We made the decision to partially close it, not completely close it. There are a handful of preferred brokers that still feed assets. Merrill Lynch, for instance, is one of our preferred brokerage relationships, and they can put new people in. There are three other big houses like that that can also.

9. The fund has outperformed nearly all of its peers on a five-year annualized basis, but this past year it's kind of settled into the middle of the pack. Are you finding that Rudy Kluiber's shoes are tough to fill?

Well, no. I will tell you that, with or without the change, the fund would have done the same thing. Our turnover is very low; that's the nature of the fund. We take these three-year horizon decision bets, or whatever you want to call them, and we simply don't have high turnover. Never have, never will. You can think of the structure of the fund changing through time at a very slow pace.

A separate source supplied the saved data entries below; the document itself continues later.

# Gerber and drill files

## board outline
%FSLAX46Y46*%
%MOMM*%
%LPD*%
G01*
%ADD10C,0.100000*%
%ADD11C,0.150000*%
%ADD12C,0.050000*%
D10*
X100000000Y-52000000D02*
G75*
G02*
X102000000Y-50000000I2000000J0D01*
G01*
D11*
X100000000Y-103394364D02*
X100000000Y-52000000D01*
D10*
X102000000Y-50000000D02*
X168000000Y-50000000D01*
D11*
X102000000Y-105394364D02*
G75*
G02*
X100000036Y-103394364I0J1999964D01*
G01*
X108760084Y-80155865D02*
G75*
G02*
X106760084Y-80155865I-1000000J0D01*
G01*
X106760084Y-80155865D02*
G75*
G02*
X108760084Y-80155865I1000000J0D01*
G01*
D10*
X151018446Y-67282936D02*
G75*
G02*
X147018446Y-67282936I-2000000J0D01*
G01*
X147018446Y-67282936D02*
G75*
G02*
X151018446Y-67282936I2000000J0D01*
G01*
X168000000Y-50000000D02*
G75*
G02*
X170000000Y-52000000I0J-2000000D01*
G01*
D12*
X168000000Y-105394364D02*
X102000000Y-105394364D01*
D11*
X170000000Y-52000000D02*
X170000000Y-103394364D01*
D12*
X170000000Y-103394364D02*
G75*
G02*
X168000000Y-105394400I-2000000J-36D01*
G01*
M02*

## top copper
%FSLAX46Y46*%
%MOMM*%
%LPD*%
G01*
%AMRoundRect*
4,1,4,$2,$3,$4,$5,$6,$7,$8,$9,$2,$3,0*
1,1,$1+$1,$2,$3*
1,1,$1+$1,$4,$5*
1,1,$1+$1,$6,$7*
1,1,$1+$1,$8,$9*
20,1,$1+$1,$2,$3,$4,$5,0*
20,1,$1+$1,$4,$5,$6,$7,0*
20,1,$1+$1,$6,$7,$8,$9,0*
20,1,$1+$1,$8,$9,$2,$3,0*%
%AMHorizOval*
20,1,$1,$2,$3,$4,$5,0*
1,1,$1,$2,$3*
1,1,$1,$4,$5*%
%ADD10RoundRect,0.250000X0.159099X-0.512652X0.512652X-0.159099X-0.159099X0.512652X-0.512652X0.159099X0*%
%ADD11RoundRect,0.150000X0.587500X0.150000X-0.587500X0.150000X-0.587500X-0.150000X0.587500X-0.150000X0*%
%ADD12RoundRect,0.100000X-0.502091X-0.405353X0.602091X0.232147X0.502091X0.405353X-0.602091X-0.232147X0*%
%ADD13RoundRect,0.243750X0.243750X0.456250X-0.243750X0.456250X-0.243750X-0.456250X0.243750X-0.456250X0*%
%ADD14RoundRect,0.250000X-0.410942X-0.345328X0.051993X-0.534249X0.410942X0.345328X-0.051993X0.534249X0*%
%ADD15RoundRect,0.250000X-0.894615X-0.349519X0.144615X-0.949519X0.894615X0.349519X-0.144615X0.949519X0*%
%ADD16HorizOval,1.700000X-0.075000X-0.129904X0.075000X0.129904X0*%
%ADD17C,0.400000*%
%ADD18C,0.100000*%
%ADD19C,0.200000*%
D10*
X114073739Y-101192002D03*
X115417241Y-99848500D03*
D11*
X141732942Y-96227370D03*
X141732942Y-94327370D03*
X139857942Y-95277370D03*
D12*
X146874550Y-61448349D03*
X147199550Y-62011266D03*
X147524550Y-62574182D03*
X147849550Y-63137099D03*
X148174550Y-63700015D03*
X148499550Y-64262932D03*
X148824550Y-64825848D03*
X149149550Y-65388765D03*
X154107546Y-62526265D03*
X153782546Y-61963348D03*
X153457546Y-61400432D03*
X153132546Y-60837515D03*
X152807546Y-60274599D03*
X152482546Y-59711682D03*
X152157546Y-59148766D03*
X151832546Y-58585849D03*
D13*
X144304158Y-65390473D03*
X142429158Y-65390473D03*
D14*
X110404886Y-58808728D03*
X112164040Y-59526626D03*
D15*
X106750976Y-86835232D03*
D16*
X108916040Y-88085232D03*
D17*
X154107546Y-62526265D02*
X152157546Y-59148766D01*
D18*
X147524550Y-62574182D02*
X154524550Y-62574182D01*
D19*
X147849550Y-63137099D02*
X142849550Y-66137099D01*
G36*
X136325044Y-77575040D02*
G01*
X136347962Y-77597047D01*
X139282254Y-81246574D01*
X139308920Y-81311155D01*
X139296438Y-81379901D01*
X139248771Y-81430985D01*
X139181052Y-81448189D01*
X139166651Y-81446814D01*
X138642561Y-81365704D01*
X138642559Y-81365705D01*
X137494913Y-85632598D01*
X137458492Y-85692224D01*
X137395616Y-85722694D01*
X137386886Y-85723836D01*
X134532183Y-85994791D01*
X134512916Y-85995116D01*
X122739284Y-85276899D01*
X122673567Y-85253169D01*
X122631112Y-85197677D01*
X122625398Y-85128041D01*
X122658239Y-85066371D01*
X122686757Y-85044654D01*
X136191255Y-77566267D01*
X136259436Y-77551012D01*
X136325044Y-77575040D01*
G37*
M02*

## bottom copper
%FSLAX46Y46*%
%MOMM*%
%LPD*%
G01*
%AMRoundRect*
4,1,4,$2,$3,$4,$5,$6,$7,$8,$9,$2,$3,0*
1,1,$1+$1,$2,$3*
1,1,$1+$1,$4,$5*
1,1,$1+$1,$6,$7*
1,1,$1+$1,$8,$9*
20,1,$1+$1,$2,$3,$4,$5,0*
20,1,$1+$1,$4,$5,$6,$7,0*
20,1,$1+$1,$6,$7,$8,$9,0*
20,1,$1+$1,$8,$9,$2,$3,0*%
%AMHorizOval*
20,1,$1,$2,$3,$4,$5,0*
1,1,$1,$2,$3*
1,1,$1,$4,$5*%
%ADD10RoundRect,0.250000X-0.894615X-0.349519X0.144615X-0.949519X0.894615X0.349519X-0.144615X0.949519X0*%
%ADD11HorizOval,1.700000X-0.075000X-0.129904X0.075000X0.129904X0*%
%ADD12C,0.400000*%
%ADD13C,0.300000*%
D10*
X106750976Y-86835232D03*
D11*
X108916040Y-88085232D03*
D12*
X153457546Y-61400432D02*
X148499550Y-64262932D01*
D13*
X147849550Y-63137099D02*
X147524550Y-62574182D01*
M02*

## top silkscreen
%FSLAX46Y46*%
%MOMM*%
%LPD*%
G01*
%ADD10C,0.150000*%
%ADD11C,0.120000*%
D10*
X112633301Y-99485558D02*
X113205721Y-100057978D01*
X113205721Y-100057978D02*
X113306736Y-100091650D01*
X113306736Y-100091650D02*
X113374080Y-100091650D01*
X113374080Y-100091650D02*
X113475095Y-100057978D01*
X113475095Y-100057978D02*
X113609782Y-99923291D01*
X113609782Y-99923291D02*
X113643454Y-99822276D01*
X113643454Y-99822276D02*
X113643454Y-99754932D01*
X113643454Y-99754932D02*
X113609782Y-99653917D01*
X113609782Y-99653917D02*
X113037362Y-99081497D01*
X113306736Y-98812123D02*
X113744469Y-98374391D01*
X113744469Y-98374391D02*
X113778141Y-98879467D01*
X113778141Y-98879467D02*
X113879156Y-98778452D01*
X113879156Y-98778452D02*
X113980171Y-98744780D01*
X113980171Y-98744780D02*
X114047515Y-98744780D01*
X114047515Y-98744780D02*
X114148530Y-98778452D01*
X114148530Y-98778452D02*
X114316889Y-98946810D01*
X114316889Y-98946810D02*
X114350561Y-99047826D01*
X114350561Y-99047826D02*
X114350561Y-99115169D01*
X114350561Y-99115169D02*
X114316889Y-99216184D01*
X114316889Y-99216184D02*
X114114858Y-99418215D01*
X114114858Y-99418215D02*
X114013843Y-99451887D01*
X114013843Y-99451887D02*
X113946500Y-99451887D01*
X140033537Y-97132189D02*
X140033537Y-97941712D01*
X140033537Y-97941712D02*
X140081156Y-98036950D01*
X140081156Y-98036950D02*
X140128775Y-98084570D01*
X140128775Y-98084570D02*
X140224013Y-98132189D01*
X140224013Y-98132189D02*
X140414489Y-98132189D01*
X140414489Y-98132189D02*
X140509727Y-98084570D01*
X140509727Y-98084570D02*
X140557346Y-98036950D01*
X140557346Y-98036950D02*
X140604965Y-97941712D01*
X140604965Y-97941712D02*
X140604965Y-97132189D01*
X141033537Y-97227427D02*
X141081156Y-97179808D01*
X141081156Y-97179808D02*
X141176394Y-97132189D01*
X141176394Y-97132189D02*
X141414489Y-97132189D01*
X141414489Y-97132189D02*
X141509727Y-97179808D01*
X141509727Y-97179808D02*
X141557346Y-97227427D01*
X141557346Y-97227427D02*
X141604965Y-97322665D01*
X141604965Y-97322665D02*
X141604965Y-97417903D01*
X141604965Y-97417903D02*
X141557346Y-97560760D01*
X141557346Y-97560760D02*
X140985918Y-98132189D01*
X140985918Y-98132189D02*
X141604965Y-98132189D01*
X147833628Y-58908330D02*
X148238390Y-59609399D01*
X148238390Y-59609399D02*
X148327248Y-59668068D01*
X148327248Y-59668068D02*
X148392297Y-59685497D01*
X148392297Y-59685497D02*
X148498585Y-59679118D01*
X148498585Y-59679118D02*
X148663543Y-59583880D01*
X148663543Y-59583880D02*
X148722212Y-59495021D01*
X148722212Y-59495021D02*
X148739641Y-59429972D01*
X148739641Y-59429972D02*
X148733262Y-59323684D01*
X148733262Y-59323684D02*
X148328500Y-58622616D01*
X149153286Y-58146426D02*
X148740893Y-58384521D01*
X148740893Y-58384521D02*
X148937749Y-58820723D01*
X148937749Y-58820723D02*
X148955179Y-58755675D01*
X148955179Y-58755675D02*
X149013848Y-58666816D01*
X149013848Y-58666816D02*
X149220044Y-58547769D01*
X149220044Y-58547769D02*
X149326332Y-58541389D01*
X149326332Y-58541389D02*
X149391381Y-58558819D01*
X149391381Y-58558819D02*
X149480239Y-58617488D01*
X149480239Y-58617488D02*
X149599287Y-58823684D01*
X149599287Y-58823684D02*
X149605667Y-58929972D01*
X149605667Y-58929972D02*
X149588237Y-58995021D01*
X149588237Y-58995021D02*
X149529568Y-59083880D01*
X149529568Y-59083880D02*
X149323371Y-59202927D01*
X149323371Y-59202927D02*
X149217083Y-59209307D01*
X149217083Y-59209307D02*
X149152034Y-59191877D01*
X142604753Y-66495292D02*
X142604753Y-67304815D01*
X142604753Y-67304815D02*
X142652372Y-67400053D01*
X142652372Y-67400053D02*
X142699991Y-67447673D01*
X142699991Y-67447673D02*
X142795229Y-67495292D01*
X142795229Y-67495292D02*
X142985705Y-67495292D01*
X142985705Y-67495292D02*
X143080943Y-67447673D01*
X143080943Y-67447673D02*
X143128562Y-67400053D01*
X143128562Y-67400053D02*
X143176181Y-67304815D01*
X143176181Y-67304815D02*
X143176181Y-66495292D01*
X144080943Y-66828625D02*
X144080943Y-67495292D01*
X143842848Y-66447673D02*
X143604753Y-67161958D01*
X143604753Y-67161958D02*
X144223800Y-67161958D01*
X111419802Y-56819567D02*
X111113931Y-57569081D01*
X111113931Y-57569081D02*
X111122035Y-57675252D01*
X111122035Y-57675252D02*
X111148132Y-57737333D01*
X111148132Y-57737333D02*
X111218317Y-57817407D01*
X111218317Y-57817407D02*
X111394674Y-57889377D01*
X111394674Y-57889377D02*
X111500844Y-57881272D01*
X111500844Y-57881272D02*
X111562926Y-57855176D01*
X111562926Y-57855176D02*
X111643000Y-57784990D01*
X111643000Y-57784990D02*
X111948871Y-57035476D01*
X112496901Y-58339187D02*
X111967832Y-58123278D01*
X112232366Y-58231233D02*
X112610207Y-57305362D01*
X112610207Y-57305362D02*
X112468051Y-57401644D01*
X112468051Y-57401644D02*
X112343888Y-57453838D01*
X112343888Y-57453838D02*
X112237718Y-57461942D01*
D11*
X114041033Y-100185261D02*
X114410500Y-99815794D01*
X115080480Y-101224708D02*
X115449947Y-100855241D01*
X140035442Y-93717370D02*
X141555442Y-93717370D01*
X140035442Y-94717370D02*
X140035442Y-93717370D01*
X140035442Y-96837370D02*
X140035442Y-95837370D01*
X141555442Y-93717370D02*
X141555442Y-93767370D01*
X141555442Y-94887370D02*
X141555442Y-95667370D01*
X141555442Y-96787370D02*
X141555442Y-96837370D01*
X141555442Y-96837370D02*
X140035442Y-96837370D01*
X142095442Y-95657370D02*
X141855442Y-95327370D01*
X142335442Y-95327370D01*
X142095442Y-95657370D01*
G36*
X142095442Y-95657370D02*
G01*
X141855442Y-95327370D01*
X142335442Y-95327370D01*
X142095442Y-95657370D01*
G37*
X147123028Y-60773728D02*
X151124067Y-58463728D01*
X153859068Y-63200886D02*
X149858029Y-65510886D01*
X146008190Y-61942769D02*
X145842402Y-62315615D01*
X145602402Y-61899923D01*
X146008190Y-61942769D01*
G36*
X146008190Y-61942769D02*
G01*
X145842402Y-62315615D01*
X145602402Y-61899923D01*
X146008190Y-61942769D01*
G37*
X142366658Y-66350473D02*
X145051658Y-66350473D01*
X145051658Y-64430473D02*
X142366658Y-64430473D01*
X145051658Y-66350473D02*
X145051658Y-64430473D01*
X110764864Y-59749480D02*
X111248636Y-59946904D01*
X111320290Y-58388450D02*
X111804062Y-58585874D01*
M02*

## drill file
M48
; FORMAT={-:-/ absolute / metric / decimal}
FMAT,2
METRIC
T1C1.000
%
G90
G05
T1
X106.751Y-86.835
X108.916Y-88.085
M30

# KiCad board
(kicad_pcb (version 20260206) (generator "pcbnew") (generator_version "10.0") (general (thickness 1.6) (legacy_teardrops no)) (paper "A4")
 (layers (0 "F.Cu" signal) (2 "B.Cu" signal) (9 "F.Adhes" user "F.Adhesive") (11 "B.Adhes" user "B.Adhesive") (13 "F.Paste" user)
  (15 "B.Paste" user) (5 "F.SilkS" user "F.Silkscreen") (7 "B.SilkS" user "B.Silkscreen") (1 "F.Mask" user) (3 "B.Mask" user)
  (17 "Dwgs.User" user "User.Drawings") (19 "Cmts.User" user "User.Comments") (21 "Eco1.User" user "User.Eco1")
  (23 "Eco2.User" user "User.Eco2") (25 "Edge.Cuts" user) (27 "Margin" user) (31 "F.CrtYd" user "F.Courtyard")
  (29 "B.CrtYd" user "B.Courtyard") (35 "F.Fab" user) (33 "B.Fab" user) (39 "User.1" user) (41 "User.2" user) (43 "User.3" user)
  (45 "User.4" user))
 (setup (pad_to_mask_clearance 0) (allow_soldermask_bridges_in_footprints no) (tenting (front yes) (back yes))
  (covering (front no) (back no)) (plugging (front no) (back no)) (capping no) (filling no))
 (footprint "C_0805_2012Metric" (layer "F.Cu") (at 114.74549 100.520251 45)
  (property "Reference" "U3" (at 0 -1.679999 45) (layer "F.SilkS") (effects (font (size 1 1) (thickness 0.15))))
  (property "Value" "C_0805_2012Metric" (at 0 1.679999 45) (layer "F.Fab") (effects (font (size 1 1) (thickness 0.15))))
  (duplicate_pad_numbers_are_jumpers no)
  (fp_line (start -0.261253 -0.735) (end 0.261253 -0.735) (stroke (width 0.12) (type solid)) (layer "F.SilkS"))
  (fp_line (start -0.261253 0.735) (end 0.261253 0.735) (stroke (width 0.12) (type solid)) (layer "F.SilkS"))
  (pad "1" smd roundrect (at -0.949999 0 45) (size 1 1.45) (layers "F.Cu" "F.Mask" "F.Paste") (roundrect_rratio 0.25) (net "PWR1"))
  (pad "2" smd roundrect (at 0.949999 0 45) (size 1 1.45) (layers "F.Cu" "F.Mask" "F.Paste") (roundrect_rratio 0.25) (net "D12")))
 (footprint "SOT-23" (layer "F.Cu") (at 140.795442 95.27737 180)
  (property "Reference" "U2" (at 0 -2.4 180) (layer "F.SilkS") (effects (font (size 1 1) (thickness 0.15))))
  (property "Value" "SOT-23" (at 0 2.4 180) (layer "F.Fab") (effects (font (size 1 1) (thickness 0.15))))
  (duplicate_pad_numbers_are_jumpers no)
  (fp_line (start 0.76 1.56) (end -0.76 1.56) (stroke (width 0.12) (type solid)) (layer "F.SilkS"))
  (fp_line (start 0.76 0.56) (end 0.76 1.56) (stroke (width 0.12) (type solid)) (layer "F.SilkS"))
  (fp_line (start 0.76 -1.56) (end 0.76 -0.56) (stroke (width 0.12) (type solid)) (layer "F.SilkS"))
  (fp_line (start -0.76 1.56) (end -0.76 1.51) (stroke (width 0.12) (type solid)) (layer "F.SilkS"))
  (fp_line (start -0.76 0.39) (end -0.76 -0.39) (stroke (width 0.12) (type solid)) (layer "F.SilkS"))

I had been working closely with Kluiber for three-plus years before I took over the fund. We cross-referenced all of our decisions, so there was no big structural change that was going to occur. He and I had almost identical investment philosophies, and there's been absolutely no change whatsoever in anything involving the selection process or the management of the fund on a day-to-day basis.

When the events of Sept. 11 occurred, we were overweight in four of the worst-performing groups in the market, and it hurt that year's performance. The good news is, as we came out of that event, the fund in the fourth quarter of 2001 was up 20% roughly. We ended up OK. Not a spectacular year, but we had one horrendous third quarter. That's just the way we were set up.

10. Does the timing of an economic recovery or any particular sector outlook play into your decision-making process at all?

We are very bottom-up focused. The economy is not something we focus on, and sectors have no relevance whatsoever to how we make investment decisions. We are focused on one stock at a time -- bottom-up, three-year horizon, going for deep value and free cash flow. What happens to the economy is just not in our decision-making process. We don't make sector-based decisions; it's one stock at a time.